Overview
Finch-MoE-37B-A11B-v0.1-HF: A Mixture of Experts RWKV Model
The recursal/Finch-MoE-37B-A11B-v0.1-HF is a Hugging Face compatible implementation of the Flock of Finches Mixture of Experts (MoE) model, developed by Recursal with compute sponsored by TensorWave. This model leverages a 37 billion parameter architecture with an active parameter count of 11 billion, aiming for a balance of performance and efficiency.
Key Capabilities
- Mixture of Experts Architecture: Utilizes an MoE design, which can offer improved performance and potentially more efficient inference compared to dense models of similar total parameter count.
- Improved General Language Understanding: Demonstrates notable gains across various benchmarks compared to its predecessors, Eagle 7B, Finch 7B, and Finch 14B.
- Hugging Face Compatibility: Fully compatible with the Hugging Face
transformerslibrary for straightforward integration and deployment. - Multilingual Support: Example usage shows generation in Chinese, indicating potential for multilingual applications.
Good for
- General-purpose text generation: Capable of generating detailed responses to various prompts, as shown in the examples.
- Research and experimentation with MoE models: Provides a readily available MoE model within the RWKV family for developers to explore.

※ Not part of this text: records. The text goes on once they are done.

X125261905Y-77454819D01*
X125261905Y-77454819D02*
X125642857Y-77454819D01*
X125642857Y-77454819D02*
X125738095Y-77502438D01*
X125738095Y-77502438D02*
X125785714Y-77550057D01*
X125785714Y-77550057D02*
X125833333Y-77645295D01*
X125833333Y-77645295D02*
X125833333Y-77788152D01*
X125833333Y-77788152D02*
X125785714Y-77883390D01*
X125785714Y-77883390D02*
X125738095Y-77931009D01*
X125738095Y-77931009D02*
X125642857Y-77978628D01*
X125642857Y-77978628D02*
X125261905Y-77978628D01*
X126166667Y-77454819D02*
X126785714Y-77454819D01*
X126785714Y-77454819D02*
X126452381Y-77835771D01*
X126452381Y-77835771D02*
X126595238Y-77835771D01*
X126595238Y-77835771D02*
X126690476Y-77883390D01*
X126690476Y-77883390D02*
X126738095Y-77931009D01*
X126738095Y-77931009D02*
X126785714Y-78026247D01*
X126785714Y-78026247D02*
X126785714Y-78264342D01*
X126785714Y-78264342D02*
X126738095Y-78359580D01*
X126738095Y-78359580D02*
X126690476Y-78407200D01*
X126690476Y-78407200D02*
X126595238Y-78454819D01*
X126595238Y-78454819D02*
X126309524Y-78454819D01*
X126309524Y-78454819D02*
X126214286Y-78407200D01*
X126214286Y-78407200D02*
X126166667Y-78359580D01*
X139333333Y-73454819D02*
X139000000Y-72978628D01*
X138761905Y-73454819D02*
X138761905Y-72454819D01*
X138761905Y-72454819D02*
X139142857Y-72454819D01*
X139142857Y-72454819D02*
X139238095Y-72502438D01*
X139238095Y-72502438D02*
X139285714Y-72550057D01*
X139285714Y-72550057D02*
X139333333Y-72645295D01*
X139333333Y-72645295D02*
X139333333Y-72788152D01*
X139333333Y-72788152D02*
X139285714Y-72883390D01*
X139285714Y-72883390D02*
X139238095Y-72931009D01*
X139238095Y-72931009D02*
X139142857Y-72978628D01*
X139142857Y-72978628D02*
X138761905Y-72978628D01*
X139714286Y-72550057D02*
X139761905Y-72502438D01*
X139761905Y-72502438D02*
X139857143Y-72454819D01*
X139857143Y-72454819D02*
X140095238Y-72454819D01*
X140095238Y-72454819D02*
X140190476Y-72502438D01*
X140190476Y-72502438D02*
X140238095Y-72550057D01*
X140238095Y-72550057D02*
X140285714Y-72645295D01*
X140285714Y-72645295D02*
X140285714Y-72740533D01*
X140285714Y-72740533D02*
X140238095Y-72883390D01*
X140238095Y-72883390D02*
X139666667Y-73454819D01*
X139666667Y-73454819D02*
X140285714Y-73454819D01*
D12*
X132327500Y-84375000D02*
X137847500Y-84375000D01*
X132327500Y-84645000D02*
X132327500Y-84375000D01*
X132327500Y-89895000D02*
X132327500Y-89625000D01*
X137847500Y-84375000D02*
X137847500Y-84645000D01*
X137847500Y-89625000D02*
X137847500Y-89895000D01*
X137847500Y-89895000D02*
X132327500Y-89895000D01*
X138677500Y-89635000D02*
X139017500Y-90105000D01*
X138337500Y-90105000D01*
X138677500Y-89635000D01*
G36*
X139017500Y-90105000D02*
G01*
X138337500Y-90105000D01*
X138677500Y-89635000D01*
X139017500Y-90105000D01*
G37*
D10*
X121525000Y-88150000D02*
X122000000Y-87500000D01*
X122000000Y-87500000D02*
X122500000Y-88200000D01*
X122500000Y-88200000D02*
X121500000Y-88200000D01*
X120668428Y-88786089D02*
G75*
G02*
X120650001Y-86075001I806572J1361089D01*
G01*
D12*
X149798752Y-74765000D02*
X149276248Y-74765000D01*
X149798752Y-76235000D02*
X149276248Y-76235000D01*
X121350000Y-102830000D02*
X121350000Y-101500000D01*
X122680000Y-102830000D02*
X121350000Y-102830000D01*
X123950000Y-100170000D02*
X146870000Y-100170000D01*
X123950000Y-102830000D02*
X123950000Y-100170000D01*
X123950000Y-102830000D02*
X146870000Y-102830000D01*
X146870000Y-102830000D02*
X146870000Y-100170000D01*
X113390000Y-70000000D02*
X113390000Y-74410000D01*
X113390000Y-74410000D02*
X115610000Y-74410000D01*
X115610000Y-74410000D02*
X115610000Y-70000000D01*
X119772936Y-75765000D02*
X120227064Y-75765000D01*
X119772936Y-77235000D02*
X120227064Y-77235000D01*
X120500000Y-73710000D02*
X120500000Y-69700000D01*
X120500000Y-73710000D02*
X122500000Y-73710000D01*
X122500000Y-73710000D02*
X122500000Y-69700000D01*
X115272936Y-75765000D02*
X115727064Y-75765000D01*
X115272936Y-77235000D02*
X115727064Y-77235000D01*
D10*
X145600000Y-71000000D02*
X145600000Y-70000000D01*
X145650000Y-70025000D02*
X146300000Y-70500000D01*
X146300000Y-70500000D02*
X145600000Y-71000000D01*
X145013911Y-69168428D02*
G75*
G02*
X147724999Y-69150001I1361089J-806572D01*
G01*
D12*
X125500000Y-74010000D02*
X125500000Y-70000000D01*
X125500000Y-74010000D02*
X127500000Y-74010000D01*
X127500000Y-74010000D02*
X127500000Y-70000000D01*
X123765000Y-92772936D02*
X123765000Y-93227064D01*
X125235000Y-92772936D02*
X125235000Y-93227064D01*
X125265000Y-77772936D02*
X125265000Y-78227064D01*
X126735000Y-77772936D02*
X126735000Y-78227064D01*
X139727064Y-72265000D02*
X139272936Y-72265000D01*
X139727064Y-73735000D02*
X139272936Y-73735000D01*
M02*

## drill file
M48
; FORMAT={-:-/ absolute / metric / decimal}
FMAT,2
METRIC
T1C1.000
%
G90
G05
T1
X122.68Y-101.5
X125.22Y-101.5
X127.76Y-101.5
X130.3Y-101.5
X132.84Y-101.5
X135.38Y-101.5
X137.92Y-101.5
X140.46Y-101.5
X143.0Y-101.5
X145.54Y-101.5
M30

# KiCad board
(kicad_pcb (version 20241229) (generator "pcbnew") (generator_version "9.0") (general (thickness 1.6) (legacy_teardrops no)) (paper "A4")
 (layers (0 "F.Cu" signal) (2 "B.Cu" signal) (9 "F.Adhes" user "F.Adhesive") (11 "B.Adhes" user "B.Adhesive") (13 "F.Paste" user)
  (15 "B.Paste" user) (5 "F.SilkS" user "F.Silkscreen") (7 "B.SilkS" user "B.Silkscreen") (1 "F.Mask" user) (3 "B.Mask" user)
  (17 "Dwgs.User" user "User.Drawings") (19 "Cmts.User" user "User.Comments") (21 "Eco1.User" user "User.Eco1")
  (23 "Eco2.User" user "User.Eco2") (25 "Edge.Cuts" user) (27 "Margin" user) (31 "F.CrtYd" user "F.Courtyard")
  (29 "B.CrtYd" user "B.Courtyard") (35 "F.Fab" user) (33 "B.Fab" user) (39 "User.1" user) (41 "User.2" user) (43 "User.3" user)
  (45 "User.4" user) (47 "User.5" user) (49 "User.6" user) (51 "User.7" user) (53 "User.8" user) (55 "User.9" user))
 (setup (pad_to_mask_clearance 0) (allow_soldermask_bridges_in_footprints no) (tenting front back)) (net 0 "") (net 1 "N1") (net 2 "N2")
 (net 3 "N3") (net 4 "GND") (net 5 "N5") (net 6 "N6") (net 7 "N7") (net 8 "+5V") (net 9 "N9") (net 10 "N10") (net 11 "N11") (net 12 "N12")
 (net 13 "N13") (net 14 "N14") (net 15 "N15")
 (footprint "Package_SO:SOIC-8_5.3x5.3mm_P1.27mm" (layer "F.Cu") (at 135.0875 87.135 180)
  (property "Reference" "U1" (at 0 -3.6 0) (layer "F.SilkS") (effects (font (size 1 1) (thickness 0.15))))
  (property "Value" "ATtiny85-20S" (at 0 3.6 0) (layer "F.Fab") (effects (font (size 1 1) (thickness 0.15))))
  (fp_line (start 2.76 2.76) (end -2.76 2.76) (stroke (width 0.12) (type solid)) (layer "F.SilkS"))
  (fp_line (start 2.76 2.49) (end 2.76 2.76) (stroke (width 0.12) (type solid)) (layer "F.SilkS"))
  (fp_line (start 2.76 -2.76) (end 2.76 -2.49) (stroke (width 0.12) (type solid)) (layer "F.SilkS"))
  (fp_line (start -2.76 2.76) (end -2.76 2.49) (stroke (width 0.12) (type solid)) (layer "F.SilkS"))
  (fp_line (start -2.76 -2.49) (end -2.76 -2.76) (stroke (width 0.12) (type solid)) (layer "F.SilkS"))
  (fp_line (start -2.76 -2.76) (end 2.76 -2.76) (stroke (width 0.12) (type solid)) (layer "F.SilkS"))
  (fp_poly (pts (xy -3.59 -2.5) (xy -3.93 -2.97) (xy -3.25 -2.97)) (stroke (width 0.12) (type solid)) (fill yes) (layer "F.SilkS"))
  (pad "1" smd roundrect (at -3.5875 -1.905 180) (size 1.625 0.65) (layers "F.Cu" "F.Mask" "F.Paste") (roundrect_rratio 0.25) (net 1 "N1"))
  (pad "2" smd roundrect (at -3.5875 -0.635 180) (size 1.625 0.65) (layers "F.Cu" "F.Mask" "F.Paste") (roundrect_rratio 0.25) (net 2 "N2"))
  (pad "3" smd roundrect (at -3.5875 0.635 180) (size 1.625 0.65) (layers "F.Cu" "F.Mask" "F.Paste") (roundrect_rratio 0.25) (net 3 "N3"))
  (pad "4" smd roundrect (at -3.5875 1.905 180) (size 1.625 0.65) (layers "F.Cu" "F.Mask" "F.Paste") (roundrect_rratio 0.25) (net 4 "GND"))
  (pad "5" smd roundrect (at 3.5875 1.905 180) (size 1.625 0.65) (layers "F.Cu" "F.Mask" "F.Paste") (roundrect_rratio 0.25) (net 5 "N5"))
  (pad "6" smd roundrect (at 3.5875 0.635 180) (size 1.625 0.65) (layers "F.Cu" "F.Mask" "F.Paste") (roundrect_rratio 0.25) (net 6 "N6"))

- Applications requiring enhanced reasoning: Shows improvements on benchmarks like ARC-C and Winogrande, suggesting stronger reasoning capabilities.
Performance Highlights
Evaluations show the Flock of Finches 37B-A11B v0.1 model outperforming earlier RWKV models:
- ARC C: 48.04% (vs. 39.59% for Eagle 7B)
- MMLU: 55.58% (vs. 30.86% for Eagle 7B)
- Winogrande: 75.14% (vs. 67.56% for Eagle 7B)
This model is a significant step in the RWKV series, offering a powerful MoE option for a range of language tasks.